"Oh yes, January," Dr. Moriss' voice broke in. "This is my daughter, Paula. Her mother died many years ago. There's just the two of us, besides the handyman."

I took the cigarette from her fingers without taking my eyes away from her face. She snapped a lighter and lit it the same way. I inhaled deeply, letting the smoke out slowly.

"Glad to know you, Paula," I murmured.

"I think you'd better leave us now, Paula," Dr. Moriss broke in in his school teacher voice. "January Stevens and I have a lot to discuss."

"We can talk later, if at all," I turned on him angrily. "Two or three days from now, after my stomach will hold food down."

"We'll talk now," he said with maddening calmness. "Three days from now you'll have had time to think. You'll refuse to talk.

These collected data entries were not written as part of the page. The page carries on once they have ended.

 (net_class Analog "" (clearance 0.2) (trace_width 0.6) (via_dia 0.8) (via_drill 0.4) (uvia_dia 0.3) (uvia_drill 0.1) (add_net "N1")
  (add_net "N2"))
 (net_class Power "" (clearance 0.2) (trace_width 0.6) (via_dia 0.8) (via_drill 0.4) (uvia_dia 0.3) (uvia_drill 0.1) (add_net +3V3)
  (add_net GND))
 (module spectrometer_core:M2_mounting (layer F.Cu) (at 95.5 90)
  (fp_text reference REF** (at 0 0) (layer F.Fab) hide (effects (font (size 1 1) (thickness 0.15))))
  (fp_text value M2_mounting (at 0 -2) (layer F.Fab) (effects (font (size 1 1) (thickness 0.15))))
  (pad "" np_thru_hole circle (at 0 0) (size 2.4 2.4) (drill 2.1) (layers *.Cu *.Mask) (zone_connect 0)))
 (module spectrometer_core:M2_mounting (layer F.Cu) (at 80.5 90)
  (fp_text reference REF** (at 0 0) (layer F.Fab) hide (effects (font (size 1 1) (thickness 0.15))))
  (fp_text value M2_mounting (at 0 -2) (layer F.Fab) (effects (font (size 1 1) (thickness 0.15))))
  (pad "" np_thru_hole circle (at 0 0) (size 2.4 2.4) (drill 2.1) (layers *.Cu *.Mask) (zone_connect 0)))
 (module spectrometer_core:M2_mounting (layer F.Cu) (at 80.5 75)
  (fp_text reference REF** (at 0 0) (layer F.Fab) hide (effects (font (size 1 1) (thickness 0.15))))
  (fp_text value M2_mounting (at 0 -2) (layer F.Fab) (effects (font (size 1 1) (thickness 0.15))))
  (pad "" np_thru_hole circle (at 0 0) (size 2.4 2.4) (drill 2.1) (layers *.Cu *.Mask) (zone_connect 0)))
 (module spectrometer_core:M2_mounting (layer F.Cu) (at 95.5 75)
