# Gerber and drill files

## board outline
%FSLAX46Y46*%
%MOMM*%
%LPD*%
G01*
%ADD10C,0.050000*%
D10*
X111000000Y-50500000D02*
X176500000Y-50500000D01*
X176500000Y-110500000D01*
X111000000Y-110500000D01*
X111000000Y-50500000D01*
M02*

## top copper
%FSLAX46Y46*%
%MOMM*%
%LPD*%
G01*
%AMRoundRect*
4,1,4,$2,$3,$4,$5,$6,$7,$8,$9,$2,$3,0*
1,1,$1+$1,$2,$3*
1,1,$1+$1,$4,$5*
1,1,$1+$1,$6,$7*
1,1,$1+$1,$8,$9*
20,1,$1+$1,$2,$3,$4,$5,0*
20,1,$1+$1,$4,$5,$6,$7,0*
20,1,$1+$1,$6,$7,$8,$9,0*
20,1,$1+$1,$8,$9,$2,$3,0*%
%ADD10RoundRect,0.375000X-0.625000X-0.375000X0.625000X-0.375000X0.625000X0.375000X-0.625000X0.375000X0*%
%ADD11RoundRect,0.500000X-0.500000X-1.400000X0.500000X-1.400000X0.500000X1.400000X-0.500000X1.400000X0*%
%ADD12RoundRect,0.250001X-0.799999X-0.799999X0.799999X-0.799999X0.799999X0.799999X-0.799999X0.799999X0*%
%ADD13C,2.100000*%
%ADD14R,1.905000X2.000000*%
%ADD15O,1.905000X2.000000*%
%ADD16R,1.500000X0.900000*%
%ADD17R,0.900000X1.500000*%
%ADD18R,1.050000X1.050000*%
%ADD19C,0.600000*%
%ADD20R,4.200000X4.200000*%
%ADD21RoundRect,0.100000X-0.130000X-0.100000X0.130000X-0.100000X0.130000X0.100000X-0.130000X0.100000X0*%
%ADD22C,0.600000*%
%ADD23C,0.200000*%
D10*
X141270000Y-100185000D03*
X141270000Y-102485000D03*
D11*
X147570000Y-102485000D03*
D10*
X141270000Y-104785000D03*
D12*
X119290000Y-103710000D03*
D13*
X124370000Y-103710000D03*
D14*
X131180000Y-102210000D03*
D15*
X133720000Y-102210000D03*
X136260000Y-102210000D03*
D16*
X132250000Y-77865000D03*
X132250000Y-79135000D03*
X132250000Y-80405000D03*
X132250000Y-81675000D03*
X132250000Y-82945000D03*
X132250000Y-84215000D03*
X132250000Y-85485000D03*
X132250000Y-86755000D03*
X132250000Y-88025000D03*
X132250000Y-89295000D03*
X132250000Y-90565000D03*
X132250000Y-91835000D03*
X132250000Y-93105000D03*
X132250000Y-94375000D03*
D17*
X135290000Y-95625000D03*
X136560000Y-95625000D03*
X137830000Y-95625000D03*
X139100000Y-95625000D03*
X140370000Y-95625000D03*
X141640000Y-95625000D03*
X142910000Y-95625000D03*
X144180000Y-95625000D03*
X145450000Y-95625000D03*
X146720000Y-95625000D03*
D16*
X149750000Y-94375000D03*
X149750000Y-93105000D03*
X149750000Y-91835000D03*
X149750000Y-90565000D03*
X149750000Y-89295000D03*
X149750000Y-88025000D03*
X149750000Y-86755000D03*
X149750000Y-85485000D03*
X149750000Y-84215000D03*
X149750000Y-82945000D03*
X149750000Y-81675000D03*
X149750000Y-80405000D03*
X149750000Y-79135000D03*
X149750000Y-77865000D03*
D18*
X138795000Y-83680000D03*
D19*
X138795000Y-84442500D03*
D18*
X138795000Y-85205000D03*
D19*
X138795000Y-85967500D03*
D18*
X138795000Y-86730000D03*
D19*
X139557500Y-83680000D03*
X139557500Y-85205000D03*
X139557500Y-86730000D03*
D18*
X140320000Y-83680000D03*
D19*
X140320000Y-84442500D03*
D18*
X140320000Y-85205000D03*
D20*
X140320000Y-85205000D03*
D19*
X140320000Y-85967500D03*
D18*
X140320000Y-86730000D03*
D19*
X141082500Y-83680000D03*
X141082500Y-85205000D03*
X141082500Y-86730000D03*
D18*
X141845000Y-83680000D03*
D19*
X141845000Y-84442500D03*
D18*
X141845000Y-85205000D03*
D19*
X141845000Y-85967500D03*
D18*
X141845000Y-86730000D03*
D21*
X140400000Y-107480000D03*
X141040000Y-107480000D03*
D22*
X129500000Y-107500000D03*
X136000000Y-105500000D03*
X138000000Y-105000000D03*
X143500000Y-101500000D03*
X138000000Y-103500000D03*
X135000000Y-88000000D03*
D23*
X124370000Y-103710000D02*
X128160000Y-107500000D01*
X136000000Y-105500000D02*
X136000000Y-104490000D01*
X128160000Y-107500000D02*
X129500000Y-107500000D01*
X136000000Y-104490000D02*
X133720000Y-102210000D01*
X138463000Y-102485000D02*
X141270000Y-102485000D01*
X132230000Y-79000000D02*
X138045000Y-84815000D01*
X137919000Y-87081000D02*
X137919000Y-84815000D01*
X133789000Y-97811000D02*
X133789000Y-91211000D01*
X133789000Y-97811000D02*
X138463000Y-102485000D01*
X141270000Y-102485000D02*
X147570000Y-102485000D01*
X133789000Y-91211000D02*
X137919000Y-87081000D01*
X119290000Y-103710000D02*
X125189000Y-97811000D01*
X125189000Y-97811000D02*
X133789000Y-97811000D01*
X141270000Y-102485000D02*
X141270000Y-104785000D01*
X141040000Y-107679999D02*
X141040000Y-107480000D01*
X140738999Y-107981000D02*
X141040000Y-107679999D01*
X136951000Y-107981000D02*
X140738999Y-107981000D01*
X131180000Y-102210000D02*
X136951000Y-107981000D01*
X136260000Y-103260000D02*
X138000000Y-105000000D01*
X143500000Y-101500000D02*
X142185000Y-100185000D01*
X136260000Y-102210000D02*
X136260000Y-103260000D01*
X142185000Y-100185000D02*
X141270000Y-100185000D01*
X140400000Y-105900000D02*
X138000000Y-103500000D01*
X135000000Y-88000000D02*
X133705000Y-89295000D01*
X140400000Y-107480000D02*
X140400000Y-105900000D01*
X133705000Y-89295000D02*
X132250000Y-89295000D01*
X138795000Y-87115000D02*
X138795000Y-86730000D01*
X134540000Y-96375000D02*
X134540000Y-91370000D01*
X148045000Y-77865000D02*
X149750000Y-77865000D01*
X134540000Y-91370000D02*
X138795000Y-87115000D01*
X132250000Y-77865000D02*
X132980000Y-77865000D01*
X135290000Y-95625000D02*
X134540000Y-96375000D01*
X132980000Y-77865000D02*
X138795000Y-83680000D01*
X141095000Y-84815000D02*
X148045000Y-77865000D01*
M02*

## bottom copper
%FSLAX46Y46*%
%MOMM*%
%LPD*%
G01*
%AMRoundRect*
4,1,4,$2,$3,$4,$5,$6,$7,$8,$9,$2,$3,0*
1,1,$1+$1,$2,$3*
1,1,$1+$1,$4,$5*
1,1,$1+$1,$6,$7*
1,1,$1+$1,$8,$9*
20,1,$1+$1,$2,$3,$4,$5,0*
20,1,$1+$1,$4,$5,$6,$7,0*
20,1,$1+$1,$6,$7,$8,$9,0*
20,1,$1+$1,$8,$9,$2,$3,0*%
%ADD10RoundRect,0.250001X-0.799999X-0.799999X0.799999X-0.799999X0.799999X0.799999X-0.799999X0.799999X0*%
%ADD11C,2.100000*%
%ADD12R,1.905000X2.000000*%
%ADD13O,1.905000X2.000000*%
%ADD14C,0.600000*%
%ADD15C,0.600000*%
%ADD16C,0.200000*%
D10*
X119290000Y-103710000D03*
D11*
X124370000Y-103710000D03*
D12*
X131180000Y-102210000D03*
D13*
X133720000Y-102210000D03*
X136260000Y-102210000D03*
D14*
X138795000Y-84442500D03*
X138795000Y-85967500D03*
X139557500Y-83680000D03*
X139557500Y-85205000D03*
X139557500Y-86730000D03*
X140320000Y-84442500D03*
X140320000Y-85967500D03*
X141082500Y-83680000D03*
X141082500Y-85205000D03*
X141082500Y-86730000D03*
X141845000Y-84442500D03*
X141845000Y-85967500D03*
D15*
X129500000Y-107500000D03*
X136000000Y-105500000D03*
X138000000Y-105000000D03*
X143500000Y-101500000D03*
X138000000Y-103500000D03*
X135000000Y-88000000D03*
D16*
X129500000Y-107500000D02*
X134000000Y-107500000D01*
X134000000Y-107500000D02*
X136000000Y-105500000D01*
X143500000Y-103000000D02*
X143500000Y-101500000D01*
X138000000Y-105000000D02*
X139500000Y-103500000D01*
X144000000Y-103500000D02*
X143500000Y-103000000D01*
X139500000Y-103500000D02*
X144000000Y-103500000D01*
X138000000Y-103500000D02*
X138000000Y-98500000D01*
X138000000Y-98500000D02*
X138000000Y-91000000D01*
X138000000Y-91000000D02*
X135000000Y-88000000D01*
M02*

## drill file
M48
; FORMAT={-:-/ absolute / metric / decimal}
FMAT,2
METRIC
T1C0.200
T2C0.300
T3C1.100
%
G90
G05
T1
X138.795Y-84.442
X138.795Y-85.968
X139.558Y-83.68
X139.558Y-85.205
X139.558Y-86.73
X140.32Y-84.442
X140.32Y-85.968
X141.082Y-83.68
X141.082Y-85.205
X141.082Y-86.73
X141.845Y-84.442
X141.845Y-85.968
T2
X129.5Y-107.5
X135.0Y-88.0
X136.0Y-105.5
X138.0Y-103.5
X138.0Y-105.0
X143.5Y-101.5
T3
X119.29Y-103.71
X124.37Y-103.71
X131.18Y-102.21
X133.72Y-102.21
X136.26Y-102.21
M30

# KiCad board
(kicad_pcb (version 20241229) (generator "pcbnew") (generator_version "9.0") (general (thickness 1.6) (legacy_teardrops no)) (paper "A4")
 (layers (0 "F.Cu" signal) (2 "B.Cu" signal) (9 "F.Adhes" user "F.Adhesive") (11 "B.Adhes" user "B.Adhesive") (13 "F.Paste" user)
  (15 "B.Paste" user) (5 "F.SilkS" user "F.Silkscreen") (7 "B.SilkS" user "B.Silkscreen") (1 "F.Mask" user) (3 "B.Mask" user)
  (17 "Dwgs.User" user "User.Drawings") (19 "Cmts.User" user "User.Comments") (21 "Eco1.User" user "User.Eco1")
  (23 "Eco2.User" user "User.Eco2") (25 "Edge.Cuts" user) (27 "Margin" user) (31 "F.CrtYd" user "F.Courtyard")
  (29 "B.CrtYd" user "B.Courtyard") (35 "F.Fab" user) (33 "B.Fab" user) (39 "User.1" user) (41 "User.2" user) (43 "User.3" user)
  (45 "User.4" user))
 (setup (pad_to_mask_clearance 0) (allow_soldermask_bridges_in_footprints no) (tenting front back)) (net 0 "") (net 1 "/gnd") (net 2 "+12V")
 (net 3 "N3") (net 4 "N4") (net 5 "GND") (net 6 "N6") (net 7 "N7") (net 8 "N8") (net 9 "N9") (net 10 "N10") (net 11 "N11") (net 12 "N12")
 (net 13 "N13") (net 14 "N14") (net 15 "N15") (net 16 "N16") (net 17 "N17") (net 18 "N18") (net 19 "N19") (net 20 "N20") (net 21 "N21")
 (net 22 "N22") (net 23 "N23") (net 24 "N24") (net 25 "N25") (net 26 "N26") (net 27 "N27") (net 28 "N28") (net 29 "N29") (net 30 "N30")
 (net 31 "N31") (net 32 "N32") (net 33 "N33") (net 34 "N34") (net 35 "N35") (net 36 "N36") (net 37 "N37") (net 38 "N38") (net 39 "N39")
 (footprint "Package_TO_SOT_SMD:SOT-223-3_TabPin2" (layer "F.Cu") (at 144.42 102.485)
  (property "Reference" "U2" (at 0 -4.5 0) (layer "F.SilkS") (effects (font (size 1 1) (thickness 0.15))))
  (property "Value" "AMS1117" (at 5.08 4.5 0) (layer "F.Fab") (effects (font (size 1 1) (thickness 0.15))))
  (pad "1" smd roundrect (at -3.15 -2.3) (size 2 1.5) (layers "F.Cu" "F.Mask" "F.Paste") (roundrect_rratio 0.25) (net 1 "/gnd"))
  (pad "2" smd roundrect (at -3.15 0) (size 2 1.5) (layers "F.Cu" "F.Mask" "F.Paste") (roundrect_rratio 0.25) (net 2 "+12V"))
  (pad "2" smd roundrect (at 3.15 0) (size 2 3.8) (layers "F.Cu" "F.Mask" "F.Paste") (roundrect_rratio 0.25) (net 2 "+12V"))
  (pad "3" smd roundrect (at -3.15 2.3) (size 2 1.5) (layers "F.Cu" "F.Mask" "F.Paste") (roundrect_rratio 0.25) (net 2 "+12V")))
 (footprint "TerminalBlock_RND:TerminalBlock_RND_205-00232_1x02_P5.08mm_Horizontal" (layer "F.Cu") (at 119.29 103.71)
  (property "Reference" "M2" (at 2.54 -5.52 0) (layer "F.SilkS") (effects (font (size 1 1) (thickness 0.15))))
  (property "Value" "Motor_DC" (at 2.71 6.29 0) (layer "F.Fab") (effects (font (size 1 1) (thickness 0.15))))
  (pad "1" thru_hole roundrect (at 0 0) (size 2.1 2.1) (drill 1.1) (layers "*.Cu" "*.Mask") (remove_unused_layers no)
   (roundrect_rratio 0.119048) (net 2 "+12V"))
  (pad "2" thru_hole circle (at 5.08 0) (size 2.1 2.1) (drill 1.1) (layers "*.Cu" "*.Mask") (remove_unused_layers no) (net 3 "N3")))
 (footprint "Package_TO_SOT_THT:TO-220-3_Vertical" (layer "F.Cu") (at 131.18 102.21)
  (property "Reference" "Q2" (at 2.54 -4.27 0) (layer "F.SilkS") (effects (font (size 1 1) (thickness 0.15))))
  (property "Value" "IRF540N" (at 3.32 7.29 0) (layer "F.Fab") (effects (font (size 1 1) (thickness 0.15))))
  (pad "1" thru_hole rect (at 0 0) (size 1.905 2) (drill 1.1) (layers "*.Cu" "*.Mask") (remove_unused_layers no) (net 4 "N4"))
  (pad "2" thru_hole oval (at 2.54 0) (size 1.905 2) (drill 1.1) (layers "*.Cu" "*.Mask") (remove_unused_layers no) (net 3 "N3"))
  (pad "3" thru_hole oval (at 5.08 0) (size 1.905 2) (drill 1.1) (layers "*.Cu" "*.Mask") (remove_unused_layers no) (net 1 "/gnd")))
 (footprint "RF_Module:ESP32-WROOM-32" (layer "F.Cu") (at 141 86.115)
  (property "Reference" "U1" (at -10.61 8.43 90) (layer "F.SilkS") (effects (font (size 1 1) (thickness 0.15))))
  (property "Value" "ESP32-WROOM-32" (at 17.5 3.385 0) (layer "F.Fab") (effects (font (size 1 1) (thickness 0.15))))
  (pad "1" smd rect (at -8.75 -8.25) (size 1.5 0.9) (layers "F.Cu" "F.Mask" "F.Paste") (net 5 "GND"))
  (pad "2" smd rect (at -8.75 -6.98) (size 1.5 0.9) (layers "F.Cu" "F.Mask" "F.Paste") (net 2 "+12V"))
  (pad "3" smd rect (at -8.75 -5.71) (size 1.5 0.9) (layers "F.Cu" "F.Mask" "F.Paste") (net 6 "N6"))
  (pad "4" smd rect (at -8.75 -4.44) (size 1.5 0.9) (layers "F.Cu" "F.Mask" "F.Paste") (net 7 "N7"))
  (pad "5" smd rect (at -8.75 -3.17) (size 1.5 0.9) (layers "F.Cu" "F.Mask" "F.Paste") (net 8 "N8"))
  (pad "6" smd rect (at -8.75 -1.9) (size 1.5 0.9) (layers "F.Cu" "F.Mask" "F.Paste") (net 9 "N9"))
  (pad "7" smd rect (at -8.75 -0.63) (size 1.5 0.9) (layers "F.Cu" "F.Mask" "F.Paste") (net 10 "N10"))
  (pad "8" smd rect (at -8.75 0.64) (size 1.5 0.9) (layers "F.Cu" "F.Mask" "F.Paste") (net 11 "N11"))
  (pad "9" smd rect (at -8.75 1.91) (size 1.5 0.9) (layers "F.Cu" "F.Mask" "F.Paste") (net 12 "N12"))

Just like you let yourself be branded a thief rather than talk before."

I reached out and picked up a cup of coffee from the tray. With slow deliberation I poured the black liquid into the empty glass that had held my tomato and grapefruit juice. There was a large plate glass mirror on the wall across the room. I threw the empty cup at it without rising from my chair. The mirror shattered.

Dr. Moriss looked back and forth from me to the broken mirror, like a spectator at a tennis match, the same kind of interest portrayed on his face.

"Why did you do that?" Paula asked, her eyes flashing fire.

"He did it because he likes you, Paula," the doctor's maddeningly unperturbed voice said. "If he didn't like you he would have thrown it at me." He puffed mockingly at his cigar, his eyes squinting through the smoke.